Here we do not start from a reference element but consider instead a generic triangle:

\input{tikz/tikz_P1}

This is the simplest 2D element, which is also called linear triangular element.
Velocities (or displacements) $(u^h,v^h)$ in the element are interpolated from nodal velocities
$(u_i,v_i)$ using basis functions $\bN_i$ as follows,
\[
\vec\upnu^h=
\left(
\begin{array}{c}
u^h(x,y) \\v^h(x,y)
\end{array}
\right)
=
\left(
\begin{array}{c}
\sum_{i=1}^3 \bN_i(x,y) u_i \\
\sum_{i=1}^3 \bN_i(x,y) v_i
\end{array}
\right)
=
\left(
\begin{array}{cccccc}
\bN_1(x,y) & 0 & \bN_2(x,y) & 0 & \bN_3(x,y) & 0\\
0 & \bN_1(x,y) & 0 & \bN_2(x,y) & 0 & \bN_3(x,y)\\
\end{array}
\right)
\cdot
\left(
\begin{array}{c}
u_1 \\ v_1 \\ u_2 \\ v_2 \\ u_3 \\ v_3
\end{array}
\right)
\]
or simply 

For this element, we have three nodes at the vertices of the triangle, which are 
numbered around the element in the counterclockwise direction. 
Each node has two degrees of freedom (i.e. it can move in the $x$ and $y$ directions). 

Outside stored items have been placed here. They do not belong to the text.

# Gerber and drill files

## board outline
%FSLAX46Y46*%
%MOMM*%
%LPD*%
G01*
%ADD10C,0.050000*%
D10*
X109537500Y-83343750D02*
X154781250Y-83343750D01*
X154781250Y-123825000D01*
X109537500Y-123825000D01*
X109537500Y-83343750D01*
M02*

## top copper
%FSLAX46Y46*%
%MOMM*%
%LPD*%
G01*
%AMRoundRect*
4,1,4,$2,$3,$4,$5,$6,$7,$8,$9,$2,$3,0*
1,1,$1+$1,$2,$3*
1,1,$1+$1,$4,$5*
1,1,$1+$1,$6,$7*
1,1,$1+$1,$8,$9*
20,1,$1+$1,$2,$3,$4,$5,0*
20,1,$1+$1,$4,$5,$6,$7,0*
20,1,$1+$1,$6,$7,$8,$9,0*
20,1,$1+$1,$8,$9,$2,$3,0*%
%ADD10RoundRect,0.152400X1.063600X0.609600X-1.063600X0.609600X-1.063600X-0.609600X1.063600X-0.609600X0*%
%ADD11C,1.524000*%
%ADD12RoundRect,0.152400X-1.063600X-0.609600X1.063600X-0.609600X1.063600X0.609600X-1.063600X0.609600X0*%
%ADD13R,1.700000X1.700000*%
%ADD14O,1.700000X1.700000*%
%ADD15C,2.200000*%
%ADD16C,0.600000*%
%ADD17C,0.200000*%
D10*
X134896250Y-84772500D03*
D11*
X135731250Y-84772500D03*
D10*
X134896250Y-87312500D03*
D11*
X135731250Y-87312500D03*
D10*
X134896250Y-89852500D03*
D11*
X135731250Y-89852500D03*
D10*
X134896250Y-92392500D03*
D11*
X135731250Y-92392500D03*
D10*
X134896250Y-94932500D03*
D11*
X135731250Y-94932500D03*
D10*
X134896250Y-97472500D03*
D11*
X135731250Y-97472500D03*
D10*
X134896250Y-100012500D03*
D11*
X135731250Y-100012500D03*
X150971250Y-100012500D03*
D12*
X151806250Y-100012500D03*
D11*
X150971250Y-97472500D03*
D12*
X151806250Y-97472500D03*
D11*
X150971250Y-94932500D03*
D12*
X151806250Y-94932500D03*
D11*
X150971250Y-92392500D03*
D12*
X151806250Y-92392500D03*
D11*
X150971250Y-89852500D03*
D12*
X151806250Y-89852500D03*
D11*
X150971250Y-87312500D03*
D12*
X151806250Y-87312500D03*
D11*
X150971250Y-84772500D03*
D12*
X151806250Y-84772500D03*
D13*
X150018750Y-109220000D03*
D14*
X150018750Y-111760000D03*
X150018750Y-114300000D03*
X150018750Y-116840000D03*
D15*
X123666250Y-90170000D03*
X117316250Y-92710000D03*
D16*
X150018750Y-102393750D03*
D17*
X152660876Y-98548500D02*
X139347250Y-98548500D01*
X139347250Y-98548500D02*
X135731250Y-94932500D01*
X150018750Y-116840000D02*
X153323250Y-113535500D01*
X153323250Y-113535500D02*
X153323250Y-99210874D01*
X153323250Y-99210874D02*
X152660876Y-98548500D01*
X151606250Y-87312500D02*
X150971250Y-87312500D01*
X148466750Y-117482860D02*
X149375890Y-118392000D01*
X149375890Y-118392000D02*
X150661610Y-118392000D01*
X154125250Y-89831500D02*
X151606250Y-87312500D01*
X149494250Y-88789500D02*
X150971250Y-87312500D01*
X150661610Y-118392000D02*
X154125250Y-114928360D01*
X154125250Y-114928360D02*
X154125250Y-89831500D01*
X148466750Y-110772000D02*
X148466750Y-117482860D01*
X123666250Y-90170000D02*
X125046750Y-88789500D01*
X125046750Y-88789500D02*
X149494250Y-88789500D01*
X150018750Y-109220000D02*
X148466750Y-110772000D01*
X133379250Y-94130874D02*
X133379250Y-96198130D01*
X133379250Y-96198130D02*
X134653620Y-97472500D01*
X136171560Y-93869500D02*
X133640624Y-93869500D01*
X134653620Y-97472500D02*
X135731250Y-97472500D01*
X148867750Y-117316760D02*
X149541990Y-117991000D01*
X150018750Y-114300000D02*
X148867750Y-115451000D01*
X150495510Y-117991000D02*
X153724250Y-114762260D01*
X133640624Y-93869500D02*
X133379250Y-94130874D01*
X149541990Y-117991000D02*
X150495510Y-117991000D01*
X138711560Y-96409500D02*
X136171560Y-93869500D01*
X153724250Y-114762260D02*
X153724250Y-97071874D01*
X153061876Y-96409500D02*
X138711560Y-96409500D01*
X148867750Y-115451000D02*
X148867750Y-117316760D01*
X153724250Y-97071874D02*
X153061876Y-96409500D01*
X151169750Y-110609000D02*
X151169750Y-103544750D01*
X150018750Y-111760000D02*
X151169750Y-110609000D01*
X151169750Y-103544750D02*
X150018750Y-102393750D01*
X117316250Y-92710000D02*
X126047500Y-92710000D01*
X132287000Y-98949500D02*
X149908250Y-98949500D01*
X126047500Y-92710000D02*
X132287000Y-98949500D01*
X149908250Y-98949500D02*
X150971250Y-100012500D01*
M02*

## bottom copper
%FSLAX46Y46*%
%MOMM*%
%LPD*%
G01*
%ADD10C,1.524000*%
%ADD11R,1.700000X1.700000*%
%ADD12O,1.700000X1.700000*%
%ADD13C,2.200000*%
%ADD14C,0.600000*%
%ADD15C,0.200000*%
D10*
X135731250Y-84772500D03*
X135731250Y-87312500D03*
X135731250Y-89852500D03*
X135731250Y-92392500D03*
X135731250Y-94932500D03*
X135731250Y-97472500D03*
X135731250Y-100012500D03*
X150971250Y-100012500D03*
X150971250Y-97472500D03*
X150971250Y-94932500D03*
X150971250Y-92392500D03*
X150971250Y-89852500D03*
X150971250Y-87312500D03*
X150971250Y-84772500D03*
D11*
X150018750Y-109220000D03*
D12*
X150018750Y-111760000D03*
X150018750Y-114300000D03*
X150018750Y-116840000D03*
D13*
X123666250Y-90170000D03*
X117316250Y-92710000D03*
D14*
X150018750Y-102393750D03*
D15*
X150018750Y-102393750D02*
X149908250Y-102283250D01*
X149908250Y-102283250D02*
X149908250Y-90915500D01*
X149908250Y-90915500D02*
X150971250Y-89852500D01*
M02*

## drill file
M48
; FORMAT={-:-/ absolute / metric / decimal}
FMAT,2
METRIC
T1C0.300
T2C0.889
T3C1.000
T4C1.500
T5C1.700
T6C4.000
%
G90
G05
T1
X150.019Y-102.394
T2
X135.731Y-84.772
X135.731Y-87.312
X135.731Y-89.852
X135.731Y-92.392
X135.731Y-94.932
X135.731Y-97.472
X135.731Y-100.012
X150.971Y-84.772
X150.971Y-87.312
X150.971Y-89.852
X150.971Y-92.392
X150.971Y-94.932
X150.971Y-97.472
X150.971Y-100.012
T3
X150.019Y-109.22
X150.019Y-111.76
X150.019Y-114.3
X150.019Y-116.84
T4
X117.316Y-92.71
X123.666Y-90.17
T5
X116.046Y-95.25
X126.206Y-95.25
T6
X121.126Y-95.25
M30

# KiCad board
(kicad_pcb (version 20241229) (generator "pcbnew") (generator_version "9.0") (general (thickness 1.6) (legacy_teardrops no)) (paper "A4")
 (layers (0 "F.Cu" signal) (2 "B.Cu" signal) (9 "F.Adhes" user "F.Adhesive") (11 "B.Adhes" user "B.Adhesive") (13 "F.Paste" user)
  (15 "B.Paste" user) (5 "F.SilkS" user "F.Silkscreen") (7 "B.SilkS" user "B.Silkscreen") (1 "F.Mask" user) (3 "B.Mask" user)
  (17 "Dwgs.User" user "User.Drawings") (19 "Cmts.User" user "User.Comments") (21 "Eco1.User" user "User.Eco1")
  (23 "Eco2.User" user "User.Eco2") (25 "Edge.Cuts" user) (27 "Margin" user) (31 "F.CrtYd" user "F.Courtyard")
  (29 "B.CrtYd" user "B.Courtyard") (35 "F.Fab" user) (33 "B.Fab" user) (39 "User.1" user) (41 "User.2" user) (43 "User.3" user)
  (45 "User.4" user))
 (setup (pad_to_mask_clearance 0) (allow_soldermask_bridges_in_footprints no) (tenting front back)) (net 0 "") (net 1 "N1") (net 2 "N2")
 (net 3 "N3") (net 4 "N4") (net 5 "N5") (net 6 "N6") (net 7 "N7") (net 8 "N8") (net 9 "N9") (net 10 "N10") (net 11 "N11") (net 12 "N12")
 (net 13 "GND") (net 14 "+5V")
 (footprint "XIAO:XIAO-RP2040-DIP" (layer "F.Cu") (at 143.35125 92.3925)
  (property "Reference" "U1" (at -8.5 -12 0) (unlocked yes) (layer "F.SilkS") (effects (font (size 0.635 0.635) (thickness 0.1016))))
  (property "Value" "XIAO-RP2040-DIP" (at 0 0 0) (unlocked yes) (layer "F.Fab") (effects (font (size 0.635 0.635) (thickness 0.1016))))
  (pad "1" smd roundrect (at -8.455 -7.62 180) (size 2.432 1.524) (layers "F.Cu" "F.Mask") (roundrect_rratio 0.1) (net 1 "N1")
   (thermal_bridge_angle 45))
  (pad "1" thru_hole circle (at -7.62 -7.62 180) (size 1.524 1.524) (drill 0.889) (layers "*.Cu" "*.Mask") (remove_unused_layers no)
   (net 1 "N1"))
  (pad "2" smd roundrect (at -8.455 -5.08 180) (size 2.432 1.524) (layers "F.Cu" "F.Mask") (roundrect_rratio 0.1) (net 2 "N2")
   (thermal_bridge_angle 45))
  (pad "2" thru_hole circle (at -7.62 -5.08 180) (size 1.524 1.524) (drill 0.889) (layers "*.Cu" "*.Mask") (remove_unused_layers no)
   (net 2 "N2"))
  (pad "3" smd roundrect (at -8.455 -2.54 180) (size 2.432 1.524) (layers "F.Cu" "F.Mask") (roundrect_rratio 0.1) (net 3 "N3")
   (thermal_bridge_angle 45))
  (pad "3" thru_hole circle (at -7.62 -2.54 180) (size 1.524 1.524) (drill 0.889) (layers "*.Cu" "*.Mask") (remove_unused_layers no)
   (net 3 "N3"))
  (pad "4" smd roundrect (at -8.455 0 180) (size 2.432 1.524) (layers "F.Cu" "F.Mask") (roundrect_rratio 0.1) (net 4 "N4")
   (thermal_bridge_angle 45))
  (pad "4" thru_hole circle (at -7.62 0 180) (size 1.524 1.524) (drill 0.889) (layers "*.Cu" "*.Mask") (remove_unused_layers no)
   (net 4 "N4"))
  (pad "5" smd roundrect (at -8.455 2.54 180) (size 2.432 1.524) (layers "F.Cu" "F.Mask") (roundrect_rratio 0.1) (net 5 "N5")
   (thermal_bridge_angle 45))
  (pad "5" thru_hole circle (at -7.62 2.54 180) (size 1.524 1.524) (drill 0.889) (layers "*.Cu" "*.Mask") (remove_unused_layers no)
   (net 5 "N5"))
  (pad "6" smd roundrect (at -8.455 5.08 180) (size 2.432 1.524) (layers "F.Cu" "F.Mask") (roundrect_rratio 0.1) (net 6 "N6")
   (thermal_bridge_angle 45))
  (pad "6" thru_hole circle (at -7.62 5.08 180) (size 1.524 1.524) (drill 0.889) (layers "*.Cu" "*.Mask") (remove_unused_layers no)
   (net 6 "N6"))
  (pad "7" smd roundrect (at -8.455 7.62 180) (size 2.432 1.524) (layers "F.Cu" "F.Mask") (roundrect_rratio 0.1) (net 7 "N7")
   (thermal_bridge_angle 45))
  (pad "7" thru_hole circle (at -7.62 7.62 180) (size 1.524 1.524) (drill 0.889) (layers "*.Cu" "*.Mask") (remove_unused_layers no)
   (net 7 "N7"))
  (pad "8" thru_hole circle (at 7.62 7.62) (size 1.524 1.524) (drill 0.889) (layers "*.Cu" "*.Mask") (remove_unused_layers no) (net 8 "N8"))
  (pad "8" smd roundrect (at 8.455 7.62) (size 2.432 1.524) (layers "F.Cu" "F.Mask") (roundrect_rratio 0.1) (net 8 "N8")
   (thermal_bridge_angle 45))
  (pad "9" thru_hole circle (at 7.62 5.08) (size 1.524 1.524) (drill 0.889) (layers "*.Cu" "*.Mask") (remove_unused_layers no) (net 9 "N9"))
  (pad "9" smd roundrect (at 8.455 5.08) (size 2.432 1.524) (layers "F.Cu" "F.Mask") (roundrect_rratio 0.1) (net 9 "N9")
   (thermal_bridge_angle 45))
  (pad "10" thru_hole circle (at 7.62 2.54) (size 1.524 1.524) (drill 0.889) (layers "*.Cu" "*.Mask") (remove_unused_layers no)
   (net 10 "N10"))
  (pad "10" smd roundrect (at 8.455 2.54) (size 2.432 1.524) (layers "F.Cu" "F.Mask") (roundrect_rratio 0.1) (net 10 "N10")
   (thermal_bridge_angle 45))
  (pad "11" thru_hole circle (at 7.62 0) (size 1.524 1.524) (drill 0.889) (layers "*.Cu" "*.Mask") (remove_unused_layers no) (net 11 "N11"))
  (pad "11" smd roundrect (at 8.455 0) (size 2.432 1.524) (layers "F.Cu" "F.Mask") (roundrect_rratio 0.1) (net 11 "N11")
   (thermal_bridge_angle 45))
  (pad "12" thru_hole circle (at 7.62 -2.54) (size 1.524 1.524) (drill 0.889) (layers "*.Cu" "*.Mask") (remove_unused_layers no)
   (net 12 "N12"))
  (pad "12" smd roundrect (at 8.455 -2.54) (size 2.432 1.524) (layers "F.Cu" "F.Mask") (roundrect_rratio 0.1) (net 12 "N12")
   (thermal_bridge_angle 45))
  (pad "13" thru_hole circle (at 7.62 -5.08) (size 1.524 1.524) (drill 0.889) (layers "*.Cu" "*.Mask") (remove_unused_layers no)
   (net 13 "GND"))
  (pad "13" smd roundrect (at 8.455 -5.08) (size 2.432 1.524) (layers "F.Cu" "F.Mask") (roundrect_rratio 0.1) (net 13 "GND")
   (thermal_bridge_angle 45))
  (pad "14" thru_hole circle (at 7.62 -7.62) (size 1.524 1.524) (drill 0.889) (layers "*.Cu" "*.Mask") (remove_unused_layers no)
   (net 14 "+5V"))
  (pad "14" smd roundrect (at 8.455 -7.62) (size 2.432 1.524) (layers "F.Cu" "F.Mask") (roundrect_rratio 0.1) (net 14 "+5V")
   (thermal_bridge_angle 45)))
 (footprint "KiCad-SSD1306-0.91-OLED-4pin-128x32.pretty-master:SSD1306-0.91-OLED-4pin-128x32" (layer "F.Cu") (at 113.51875 107.03)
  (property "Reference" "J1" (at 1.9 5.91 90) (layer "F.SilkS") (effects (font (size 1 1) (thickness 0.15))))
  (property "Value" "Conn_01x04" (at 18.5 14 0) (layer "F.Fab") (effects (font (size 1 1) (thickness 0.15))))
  (pad "1" thru_hole rect (at 36.5 2.19) (size 1.7 1.7) (drill 1) (layers "*.Cu" "*.Mask") (remove_unused_layers no) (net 13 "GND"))
  (pad "2" thru_hole oval (at 36.5 4.73) (size 1.7 1.7) (drill 1) (layers "*.Cu" "*.Mask") (remove_unused_layers no) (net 12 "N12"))
  (pad "3" thru_hole oval (at 36.5 7.27) (size 1.7 1.7) (drill 1) (layers "*.Cu" "*.Mask") (remove_unused_layers no) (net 6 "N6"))
  (pad "4" thru_hole oval (at 36.5 9.81) (size 1.7 1.7) (drill 1) (layers "*.Cu" "*.Mask") (remove_unused_layers no) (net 5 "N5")))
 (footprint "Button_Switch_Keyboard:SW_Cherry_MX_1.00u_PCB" (layer "F.Cu") (at 123.66625 90.17)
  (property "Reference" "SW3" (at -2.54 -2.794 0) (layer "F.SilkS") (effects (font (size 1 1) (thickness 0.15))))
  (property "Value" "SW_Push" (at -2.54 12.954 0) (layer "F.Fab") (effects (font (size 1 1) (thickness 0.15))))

The velocities $u^h$ and $v^h$ are assumed to be linear functions within the element, that is, 
\begin{eqnarray}
u^h(x,y)&=&b_1 +b_2x+b_3y \nn\\
v^h(x,y)&=&b_4 +b_5x+b_6y
\end{eqnarray}
where $b_i$ are constants to be determined and which depend on the triangle shape.

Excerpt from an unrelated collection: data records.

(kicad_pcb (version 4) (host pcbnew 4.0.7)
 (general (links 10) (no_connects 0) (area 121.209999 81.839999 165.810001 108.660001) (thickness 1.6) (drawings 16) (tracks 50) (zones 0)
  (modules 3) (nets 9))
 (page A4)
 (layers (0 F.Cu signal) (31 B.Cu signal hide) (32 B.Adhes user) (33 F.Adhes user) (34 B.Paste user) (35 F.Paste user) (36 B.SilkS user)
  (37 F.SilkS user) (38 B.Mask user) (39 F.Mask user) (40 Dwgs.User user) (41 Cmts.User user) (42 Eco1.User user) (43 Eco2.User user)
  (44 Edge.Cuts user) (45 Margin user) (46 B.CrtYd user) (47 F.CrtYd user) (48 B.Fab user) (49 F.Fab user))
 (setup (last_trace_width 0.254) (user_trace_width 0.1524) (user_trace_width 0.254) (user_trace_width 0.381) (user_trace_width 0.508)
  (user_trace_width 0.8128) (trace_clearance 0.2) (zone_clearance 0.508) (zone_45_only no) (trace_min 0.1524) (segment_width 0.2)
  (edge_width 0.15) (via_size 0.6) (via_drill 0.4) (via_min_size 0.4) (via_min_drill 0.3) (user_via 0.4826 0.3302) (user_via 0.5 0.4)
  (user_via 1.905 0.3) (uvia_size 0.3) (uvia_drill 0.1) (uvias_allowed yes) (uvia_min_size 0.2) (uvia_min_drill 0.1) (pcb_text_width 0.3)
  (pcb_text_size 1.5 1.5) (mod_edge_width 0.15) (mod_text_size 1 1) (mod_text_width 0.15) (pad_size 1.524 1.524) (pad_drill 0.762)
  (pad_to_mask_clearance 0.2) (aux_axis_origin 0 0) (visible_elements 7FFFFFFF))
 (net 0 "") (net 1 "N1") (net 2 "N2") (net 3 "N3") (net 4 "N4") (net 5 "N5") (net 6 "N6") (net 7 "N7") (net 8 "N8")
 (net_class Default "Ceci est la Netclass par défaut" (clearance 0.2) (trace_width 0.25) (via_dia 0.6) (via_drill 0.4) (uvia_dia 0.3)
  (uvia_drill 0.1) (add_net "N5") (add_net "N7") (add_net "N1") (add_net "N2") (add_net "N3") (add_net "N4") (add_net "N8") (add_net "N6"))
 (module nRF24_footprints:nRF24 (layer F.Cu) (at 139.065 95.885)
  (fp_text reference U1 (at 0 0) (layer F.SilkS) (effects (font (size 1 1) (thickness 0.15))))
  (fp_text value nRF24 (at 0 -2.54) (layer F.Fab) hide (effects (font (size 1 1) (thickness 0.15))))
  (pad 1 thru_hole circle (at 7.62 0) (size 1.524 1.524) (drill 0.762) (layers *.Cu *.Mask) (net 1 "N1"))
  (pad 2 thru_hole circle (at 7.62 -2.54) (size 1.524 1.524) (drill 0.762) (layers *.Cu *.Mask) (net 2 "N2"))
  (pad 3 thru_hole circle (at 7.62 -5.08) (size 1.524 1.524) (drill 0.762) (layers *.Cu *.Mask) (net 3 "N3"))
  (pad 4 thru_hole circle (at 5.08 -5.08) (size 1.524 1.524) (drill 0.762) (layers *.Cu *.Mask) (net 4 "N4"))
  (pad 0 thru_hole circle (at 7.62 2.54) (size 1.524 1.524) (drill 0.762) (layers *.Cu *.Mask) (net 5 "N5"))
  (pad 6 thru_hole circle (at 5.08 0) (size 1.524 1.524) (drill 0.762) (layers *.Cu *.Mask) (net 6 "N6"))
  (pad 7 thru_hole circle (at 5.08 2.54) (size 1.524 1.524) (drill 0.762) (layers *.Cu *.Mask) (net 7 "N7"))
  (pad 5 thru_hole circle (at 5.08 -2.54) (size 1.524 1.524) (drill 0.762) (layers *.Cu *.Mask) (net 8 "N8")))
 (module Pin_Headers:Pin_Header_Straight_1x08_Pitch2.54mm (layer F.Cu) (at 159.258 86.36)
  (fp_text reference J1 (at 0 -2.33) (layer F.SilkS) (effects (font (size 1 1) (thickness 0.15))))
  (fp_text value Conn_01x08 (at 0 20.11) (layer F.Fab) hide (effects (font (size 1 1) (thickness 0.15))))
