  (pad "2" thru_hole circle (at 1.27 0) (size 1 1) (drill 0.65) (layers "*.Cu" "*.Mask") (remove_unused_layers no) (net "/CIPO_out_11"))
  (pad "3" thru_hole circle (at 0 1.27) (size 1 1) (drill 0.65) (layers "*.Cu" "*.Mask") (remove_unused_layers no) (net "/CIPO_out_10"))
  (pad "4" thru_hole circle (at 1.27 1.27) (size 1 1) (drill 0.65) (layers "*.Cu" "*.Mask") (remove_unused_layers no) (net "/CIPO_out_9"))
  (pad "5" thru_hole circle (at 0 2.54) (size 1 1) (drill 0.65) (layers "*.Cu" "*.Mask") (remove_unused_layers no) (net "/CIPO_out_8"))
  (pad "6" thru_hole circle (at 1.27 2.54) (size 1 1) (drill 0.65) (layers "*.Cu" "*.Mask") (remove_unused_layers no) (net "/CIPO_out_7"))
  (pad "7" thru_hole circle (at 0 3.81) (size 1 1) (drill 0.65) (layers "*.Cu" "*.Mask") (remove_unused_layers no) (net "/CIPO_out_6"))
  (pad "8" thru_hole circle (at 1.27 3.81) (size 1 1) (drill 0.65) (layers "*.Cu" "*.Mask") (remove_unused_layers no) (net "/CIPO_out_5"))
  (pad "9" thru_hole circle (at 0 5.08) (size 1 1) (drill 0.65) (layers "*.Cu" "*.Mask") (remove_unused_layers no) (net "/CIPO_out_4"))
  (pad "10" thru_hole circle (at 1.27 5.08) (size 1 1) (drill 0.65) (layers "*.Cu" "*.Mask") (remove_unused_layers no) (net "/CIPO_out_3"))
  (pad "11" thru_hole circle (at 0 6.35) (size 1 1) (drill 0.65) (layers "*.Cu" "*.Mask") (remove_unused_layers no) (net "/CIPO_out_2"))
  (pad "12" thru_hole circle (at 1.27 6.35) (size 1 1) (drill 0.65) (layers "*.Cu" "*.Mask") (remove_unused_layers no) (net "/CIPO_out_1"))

Note that the strain rate components are then given by
\begin{eqnarray}
\dot\varepsilon_{xx}(\vec\upnu)&=&b_2  \nn\\
\dot\varepsilon_{yy}(\vec\upnu)&=&b_6  \nn\\
\dot\varepsilon_{xy}(\vec\upnu)&=&(b_3+b_5)/2 \nn
\end{eqnarray}
and are constant throughout the element.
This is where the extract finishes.